In their report of the 31st of January, 1833, the New York Bank Commissioners urgently call the attention of the legislature to the serious dangers which may result from these institutions as they are now organized, particularly in the country, and to their excessive issues in proportion to the small quantity of specie in their vaults. With two millions in specie, the banks of the State had, at that time, a circulation of above twelve millions. But this report itself proves, that the commissioners did not dare to fulfil the duties imposed on them by the Safety-Fund act; they had the authority to shut up the offending banks. Their warnings have not prevented the legislature from chartering new banks by the dozen. This year it will have to act on 105 petitions for charters, that is, eighteen more than the actual number of banks in the State. To be sure in the present instance, the let alone principle will probably be violated, for the Governor's Message of January 7, 1834, urges the two houses to arrest the flood. This Bank mania, as Jefferson called it, is created by the profits of banking, which is, and more especially was, before the institution of the Bank of the United States, the best kind of speculation, exactly in the ratio of the abuses attending it.[L]

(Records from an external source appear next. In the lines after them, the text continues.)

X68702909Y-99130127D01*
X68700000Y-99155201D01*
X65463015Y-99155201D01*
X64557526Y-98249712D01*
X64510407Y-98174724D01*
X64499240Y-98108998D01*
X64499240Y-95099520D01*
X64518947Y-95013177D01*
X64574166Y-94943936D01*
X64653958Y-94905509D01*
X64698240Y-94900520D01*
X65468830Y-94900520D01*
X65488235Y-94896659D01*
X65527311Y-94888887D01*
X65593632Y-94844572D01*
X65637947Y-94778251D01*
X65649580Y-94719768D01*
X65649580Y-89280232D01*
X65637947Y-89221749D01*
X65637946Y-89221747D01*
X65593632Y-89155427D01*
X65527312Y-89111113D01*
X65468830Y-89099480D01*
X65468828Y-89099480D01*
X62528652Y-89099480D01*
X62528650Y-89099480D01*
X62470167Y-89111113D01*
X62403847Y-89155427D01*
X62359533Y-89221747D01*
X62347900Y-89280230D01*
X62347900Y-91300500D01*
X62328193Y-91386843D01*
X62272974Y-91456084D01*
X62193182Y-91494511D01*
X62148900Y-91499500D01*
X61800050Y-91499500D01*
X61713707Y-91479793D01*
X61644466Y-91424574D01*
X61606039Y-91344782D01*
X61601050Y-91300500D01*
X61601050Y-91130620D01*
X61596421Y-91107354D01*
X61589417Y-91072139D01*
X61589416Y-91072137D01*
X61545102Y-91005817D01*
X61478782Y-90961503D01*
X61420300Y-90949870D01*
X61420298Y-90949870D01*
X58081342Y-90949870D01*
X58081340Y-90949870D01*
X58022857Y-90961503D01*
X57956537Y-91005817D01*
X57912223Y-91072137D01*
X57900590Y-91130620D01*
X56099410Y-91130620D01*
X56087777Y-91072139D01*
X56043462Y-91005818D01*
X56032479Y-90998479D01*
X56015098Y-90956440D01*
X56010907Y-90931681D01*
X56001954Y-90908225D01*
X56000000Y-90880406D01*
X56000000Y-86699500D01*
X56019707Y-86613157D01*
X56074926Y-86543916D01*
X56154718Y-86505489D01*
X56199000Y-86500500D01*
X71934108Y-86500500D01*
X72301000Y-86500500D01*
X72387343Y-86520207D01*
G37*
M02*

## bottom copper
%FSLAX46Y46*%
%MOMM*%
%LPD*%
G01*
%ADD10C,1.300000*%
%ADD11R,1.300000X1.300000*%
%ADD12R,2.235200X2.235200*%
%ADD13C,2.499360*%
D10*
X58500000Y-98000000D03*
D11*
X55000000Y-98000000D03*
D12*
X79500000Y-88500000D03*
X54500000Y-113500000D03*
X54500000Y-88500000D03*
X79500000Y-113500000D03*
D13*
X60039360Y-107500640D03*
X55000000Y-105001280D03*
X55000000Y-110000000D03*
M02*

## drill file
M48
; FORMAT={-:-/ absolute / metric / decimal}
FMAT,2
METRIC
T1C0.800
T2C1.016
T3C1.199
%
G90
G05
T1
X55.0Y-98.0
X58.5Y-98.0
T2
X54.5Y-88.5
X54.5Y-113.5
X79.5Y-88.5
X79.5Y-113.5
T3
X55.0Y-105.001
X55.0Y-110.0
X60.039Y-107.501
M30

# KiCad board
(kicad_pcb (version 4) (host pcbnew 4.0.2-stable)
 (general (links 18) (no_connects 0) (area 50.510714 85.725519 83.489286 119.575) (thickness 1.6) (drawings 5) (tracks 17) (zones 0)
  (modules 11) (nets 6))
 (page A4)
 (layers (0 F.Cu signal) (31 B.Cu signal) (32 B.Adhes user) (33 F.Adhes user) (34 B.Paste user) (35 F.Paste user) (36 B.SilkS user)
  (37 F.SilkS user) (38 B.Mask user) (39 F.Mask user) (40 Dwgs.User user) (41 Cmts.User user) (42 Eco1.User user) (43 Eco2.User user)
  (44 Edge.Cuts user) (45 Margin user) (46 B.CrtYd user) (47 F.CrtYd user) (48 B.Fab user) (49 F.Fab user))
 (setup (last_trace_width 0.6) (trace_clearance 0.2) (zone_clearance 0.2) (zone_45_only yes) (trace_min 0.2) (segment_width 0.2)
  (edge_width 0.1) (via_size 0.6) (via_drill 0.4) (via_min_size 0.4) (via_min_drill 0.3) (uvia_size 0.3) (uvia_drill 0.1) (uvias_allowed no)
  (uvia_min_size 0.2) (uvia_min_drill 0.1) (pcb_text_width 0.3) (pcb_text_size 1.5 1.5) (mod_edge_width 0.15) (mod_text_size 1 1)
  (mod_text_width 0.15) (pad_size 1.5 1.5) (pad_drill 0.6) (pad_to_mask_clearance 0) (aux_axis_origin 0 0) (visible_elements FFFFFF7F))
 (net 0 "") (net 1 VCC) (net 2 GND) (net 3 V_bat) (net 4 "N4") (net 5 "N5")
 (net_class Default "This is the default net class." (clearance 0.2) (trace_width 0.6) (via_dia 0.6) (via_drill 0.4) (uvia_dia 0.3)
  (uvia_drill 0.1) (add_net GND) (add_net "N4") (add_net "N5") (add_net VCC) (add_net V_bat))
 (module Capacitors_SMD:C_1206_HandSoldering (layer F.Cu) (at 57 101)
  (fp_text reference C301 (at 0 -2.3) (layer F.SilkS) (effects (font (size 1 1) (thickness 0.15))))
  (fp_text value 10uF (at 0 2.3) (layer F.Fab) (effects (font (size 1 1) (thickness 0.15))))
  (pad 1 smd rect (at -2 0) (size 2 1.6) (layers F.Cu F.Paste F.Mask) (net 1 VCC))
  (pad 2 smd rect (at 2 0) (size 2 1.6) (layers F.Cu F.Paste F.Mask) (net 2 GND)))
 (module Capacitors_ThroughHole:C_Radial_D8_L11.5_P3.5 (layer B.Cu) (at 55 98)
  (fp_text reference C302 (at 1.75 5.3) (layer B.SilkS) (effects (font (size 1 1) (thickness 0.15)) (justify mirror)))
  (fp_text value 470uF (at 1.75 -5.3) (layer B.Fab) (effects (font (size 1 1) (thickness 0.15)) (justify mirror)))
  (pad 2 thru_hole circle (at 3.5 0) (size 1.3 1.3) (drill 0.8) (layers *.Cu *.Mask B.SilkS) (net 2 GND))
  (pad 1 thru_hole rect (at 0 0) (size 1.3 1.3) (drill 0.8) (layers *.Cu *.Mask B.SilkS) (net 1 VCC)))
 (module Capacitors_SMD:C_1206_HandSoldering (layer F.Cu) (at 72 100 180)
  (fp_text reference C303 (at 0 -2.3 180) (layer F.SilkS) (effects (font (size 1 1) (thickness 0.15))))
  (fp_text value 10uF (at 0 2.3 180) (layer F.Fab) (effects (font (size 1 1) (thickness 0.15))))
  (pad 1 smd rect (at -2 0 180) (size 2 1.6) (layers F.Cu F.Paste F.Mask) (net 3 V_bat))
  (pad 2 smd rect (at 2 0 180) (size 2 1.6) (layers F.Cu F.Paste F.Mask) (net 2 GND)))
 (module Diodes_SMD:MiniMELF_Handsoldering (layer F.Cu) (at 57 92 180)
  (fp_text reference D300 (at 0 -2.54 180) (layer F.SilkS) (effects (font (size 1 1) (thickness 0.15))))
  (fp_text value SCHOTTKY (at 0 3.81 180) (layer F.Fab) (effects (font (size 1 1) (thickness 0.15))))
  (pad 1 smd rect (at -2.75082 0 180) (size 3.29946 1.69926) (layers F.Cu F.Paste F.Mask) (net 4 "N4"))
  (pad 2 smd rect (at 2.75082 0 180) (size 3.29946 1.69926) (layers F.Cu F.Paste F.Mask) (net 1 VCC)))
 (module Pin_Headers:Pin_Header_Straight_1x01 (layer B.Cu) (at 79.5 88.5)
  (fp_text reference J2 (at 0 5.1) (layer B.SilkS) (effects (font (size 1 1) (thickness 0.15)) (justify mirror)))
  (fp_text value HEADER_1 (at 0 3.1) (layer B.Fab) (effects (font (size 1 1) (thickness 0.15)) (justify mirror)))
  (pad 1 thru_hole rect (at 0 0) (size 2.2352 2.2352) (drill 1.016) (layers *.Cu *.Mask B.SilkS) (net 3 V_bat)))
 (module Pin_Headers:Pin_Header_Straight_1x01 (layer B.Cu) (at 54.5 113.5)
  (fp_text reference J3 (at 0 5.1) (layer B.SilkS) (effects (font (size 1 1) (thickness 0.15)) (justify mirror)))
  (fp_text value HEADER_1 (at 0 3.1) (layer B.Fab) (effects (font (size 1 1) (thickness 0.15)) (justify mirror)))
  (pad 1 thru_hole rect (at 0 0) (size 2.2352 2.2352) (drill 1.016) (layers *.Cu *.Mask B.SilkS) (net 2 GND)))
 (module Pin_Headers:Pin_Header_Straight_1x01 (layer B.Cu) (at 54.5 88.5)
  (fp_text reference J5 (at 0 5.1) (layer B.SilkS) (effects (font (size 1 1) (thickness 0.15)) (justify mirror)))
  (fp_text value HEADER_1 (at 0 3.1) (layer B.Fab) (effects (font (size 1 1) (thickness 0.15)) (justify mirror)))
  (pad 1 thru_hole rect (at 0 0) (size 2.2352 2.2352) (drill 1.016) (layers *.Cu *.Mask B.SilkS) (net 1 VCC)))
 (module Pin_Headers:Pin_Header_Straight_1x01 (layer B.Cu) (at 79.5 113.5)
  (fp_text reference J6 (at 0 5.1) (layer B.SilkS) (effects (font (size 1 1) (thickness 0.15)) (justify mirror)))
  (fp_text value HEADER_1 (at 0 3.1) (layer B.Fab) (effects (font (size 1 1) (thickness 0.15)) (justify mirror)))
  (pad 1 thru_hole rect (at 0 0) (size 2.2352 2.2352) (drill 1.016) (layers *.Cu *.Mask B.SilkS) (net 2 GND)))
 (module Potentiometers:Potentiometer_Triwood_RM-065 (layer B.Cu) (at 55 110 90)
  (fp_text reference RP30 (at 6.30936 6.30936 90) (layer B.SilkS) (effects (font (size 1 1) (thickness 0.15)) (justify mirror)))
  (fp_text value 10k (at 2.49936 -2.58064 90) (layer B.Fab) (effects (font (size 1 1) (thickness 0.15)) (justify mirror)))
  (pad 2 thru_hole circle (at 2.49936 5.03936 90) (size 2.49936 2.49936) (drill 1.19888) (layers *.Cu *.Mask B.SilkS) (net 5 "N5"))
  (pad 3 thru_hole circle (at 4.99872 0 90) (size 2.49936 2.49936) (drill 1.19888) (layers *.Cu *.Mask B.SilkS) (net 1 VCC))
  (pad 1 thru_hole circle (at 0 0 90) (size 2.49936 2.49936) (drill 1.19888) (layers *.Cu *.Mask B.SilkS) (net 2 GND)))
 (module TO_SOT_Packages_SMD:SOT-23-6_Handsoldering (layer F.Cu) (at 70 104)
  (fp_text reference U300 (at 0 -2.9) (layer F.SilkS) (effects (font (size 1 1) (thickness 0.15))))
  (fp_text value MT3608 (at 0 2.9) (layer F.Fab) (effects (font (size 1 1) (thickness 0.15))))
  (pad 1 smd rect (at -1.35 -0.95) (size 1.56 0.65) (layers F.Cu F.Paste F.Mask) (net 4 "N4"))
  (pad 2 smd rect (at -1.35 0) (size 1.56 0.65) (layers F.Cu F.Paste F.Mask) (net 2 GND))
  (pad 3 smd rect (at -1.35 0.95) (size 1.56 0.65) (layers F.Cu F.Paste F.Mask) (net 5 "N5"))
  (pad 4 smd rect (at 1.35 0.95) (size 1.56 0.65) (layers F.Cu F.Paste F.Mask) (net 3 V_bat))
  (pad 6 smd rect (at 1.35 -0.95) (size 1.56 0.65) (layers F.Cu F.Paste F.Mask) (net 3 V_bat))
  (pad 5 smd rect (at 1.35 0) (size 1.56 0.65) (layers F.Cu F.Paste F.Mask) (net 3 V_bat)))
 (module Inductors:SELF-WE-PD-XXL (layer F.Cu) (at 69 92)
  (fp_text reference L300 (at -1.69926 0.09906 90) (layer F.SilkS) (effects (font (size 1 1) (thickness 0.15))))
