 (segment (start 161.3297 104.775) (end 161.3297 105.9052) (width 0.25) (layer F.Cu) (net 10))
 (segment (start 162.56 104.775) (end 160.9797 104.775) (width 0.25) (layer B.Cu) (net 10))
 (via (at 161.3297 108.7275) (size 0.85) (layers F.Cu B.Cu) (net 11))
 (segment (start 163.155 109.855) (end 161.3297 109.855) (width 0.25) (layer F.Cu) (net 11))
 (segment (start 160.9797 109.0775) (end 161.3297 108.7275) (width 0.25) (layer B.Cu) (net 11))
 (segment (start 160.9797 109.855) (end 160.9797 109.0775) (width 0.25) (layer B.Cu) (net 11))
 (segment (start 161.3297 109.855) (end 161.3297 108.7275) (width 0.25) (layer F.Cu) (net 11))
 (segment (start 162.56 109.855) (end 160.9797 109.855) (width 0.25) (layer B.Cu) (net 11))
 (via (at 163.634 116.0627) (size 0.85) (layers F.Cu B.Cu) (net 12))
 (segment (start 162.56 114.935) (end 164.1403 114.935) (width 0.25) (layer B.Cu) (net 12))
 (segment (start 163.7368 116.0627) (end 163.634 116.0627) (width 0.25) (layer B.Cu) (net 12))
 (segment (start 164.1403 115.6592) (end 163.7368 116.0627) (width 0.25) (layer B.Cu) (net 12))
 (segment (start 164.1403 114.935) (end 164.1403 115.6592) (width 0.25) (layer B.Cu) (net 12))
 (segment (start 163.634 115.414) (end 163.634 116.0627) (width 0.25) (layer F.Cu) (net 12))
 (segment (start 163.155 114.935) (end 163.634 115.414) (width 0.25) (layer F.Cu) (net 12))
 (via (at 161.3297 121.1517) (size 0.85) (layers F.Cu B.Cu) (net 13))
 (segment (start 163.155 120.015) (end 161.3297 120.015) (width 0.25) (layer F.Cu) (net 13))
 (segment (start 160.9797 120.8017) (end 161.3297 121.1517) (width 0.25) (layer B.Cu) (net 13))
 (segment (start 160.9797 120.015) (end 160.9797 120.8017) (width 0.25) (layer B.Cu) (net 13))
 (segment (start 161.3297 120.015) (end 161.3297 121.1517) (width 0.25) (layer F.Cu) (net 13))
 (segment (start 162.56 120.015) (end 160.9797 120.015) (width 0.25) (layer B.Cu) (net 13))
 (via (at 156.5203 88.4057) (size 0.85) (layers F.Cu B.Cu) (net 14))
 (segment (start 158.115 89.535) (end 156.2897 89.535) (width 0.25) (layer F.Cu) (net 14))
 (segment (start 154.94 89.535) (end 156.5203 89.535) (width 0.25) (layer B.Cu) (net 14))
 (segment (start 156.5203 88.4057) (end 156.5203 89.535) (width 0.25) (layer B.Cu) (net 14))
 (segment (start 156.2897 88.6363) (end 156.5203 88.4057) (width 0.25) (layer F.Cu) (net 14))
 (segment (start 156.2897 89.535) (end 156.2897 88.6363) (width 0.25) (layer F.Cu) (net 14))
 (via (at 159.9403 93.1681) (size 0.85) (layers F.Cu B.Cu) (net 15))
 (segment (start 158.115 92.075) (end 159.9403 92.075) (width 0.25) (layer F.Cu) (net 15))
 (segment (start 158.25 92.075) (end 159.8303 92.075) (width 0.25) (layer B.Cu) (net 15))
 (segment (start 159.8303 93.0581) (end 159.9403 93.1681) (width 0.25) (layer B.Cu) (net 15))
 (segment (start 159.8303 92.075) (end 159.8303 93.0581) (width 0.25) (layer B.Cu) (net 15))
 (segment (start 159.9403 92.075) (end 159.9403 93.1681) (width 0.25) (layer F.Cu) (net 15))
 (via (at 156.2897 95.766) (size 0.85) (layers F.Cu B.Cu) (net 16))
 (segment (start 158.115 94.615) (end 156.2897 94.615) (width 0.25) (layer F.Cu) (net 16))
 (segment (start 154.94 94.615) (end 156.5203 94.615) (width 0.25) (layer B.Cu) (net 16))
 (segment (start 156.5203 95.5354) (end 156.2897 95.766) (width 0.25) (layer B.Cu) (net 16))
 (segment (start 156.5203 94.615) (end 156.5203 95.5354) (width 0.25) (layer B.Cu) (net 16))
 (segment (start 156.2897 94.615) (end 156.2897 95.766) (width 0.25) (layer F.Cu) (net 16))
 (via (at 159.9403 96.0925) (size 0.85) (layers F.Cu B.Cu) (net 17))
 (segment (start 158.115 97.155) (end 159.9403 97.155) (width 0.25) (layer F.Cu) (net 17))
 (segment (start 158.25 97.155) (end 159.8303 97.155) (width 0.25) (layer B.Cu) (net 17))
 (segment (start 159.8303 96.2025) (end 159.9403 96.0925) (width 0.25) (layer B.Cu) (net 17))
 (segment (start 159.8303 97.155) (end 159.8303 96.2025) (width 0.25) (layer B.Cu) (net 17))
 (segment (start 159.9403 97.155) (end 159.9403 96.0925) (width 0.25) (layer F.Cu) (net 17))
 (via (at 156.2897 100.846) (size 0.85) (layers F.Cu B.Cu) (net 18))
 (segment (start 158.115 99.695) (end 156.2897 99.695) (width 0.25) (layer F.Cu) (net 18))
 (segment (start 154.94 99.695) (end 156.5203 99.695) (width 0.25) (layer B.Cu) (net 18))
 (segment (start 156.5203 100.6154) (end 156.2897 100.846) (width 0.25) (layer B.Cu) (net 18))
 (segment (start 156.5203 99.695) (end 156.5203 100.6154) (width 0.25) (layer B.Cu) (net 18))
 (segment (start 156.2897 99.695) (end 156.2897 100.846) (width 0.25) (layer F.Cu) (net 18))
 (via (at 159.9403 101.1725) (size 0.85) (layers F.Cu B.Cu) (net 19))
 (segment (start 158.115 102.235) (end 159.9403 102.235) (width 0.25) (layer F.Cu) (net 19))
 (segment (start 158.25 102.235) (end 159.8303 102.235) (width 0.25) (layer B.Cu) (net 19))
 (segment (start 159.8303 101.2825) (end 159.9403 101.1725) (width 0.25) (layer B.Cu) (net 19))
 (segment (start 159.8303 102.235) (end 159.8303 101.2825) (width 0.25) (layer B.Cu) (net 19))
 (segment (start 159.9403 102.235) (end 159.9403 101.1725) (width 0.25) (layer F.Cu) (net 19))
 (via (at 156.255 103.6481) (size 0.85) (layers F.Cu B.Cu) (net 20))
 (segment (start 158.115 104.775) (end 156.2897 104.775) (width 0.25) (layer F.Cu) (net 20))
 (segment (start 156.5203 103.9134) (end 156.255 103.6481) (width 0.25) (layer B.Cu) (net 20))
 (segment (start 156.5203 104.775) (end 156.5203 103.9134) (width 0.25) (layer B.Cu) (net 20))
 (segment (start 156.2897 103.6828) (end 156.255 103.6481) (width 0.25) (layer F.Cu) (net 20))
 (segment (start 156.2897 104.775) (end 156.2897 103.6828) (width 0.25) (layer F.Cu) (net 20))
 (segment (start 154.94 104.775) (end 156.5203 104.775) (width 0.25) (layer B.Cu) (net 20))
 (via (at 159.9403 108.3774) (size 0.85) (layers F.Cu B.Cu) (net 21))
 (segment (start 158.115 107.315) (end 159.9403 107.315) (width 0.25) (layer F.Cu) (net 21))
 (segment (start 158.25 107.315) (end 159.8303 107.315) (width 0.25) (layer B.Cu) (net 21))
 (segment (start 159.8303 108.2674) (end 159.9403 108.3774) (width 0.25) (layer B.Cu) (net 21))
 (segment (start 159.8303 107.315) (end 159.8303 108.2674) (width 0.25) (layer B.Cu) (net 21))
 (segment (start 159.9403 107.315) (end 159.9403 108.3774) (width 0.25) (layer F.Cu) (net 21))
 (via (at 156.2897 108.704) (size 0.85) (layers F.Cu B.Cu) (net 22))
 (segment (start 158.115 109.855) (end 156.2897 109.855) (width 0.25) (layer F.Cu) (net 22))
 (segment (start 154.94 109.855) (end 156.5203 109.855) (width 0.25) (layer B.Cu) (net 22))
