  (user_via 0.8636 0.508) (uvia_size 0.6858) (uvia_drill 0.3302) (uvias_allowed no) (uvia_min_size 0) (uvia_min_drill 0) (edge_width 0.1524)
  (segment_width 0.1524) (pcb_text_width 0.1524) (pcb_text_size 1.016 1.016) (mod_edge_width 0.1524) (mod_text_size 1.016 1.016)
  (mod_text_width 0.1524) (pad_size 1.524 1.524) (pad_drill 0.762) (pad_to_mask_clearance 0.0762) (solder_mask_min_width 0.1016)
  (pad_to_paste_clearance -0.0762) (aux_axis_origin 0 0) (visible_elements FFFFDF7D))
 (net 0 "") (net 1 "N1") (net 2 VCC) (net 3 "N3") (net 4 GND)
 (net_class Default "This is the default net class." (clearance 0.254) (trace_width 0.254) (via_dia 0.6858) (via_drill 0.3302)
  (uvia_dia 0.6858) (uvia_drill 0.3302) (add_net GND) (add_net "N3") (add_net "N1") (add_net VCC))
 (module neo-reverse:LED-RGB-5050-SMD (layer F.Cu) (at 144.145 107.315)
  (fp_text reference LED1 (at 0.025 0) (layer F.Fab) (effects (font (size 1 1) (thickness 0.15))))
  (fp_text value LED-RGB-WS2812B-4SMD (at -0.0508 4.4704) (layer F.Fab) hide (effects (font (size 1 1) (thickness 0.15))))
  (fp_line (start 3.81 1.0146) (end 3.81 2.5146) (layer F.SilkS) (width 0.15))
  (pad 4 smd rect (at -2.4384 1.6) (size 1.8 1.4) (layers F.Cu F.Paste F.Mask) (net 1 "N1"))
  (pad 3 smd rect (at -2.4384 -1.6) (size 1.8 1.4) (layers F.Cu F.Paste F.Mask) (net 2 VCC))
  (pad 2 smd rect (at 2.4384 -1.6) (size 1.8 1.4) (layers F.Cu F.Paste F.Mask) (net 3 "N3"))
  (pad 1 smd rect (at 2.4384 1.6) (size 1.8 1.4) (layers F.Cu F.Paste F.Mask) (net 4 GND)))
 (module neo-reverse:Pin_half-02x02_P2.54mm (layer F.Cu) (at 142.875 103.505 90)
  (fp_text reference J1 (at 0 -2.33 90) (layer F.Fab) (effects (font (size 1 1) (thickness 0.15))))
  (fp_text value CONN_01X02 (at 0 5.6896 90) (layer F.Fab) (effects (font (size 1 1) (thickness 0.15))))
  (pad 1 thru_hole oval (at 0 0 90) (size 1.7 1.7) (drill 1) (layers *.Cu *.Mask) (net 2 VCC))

In the local banks, especially in the country banks, the chief aim of the president and directors is, at all events, come what may, to make the semi-annual dividend as large as possible. By extending their operations excessively, they may, if they lose the public confidence, be driven to a failure; but in the United States the prospect of such a disaster is much less terrible to the greater number of merchants, and even to the smaller companies, than it is in Europe. (See Note 7, at the end of the volume.) When a bank fails, there is, indeed, a great outcry, because the number of victims is large, and the loss extends to all classes; for most of the bills being of the denomination of five dollars and under, they are very generally distributed in the hands of the labourers, as well as of the wealthier classes. But just in proportion to the distribution of the loss over the greater number of persons, is the quickness with which the clamor ceases. The president, the cashier, the directors, and others principally interested, readily find means to recover from the blow, by obtaining credit elsewhere, and the whole affair is at an end.
The Bank of the United States, on the contrary, directed by men of large fortune and established reputation, connected in business with the principal houses in Europe, charged with a vast responsibility, subject to the supervision of the Federal government, which names five of the directors out of twentyfive, and officiously watched by an army of journalists, is interested and obliged to follow another course. Not that it has not committed some errors; but it paid dear for them, and has never repeated them. Neither are its rules and regulations perfect; the experience of twenty years will doubtless suggest some modifications. But even its adversaries admit that it has been admirably managed. They pretended, at first, that the public money was not safe in its vaults, but they are at present ashamed to insist upon this point, as the investigation made by the House of Representatives proved the absurdity of the charge. The accusations now brought against it are of a political character.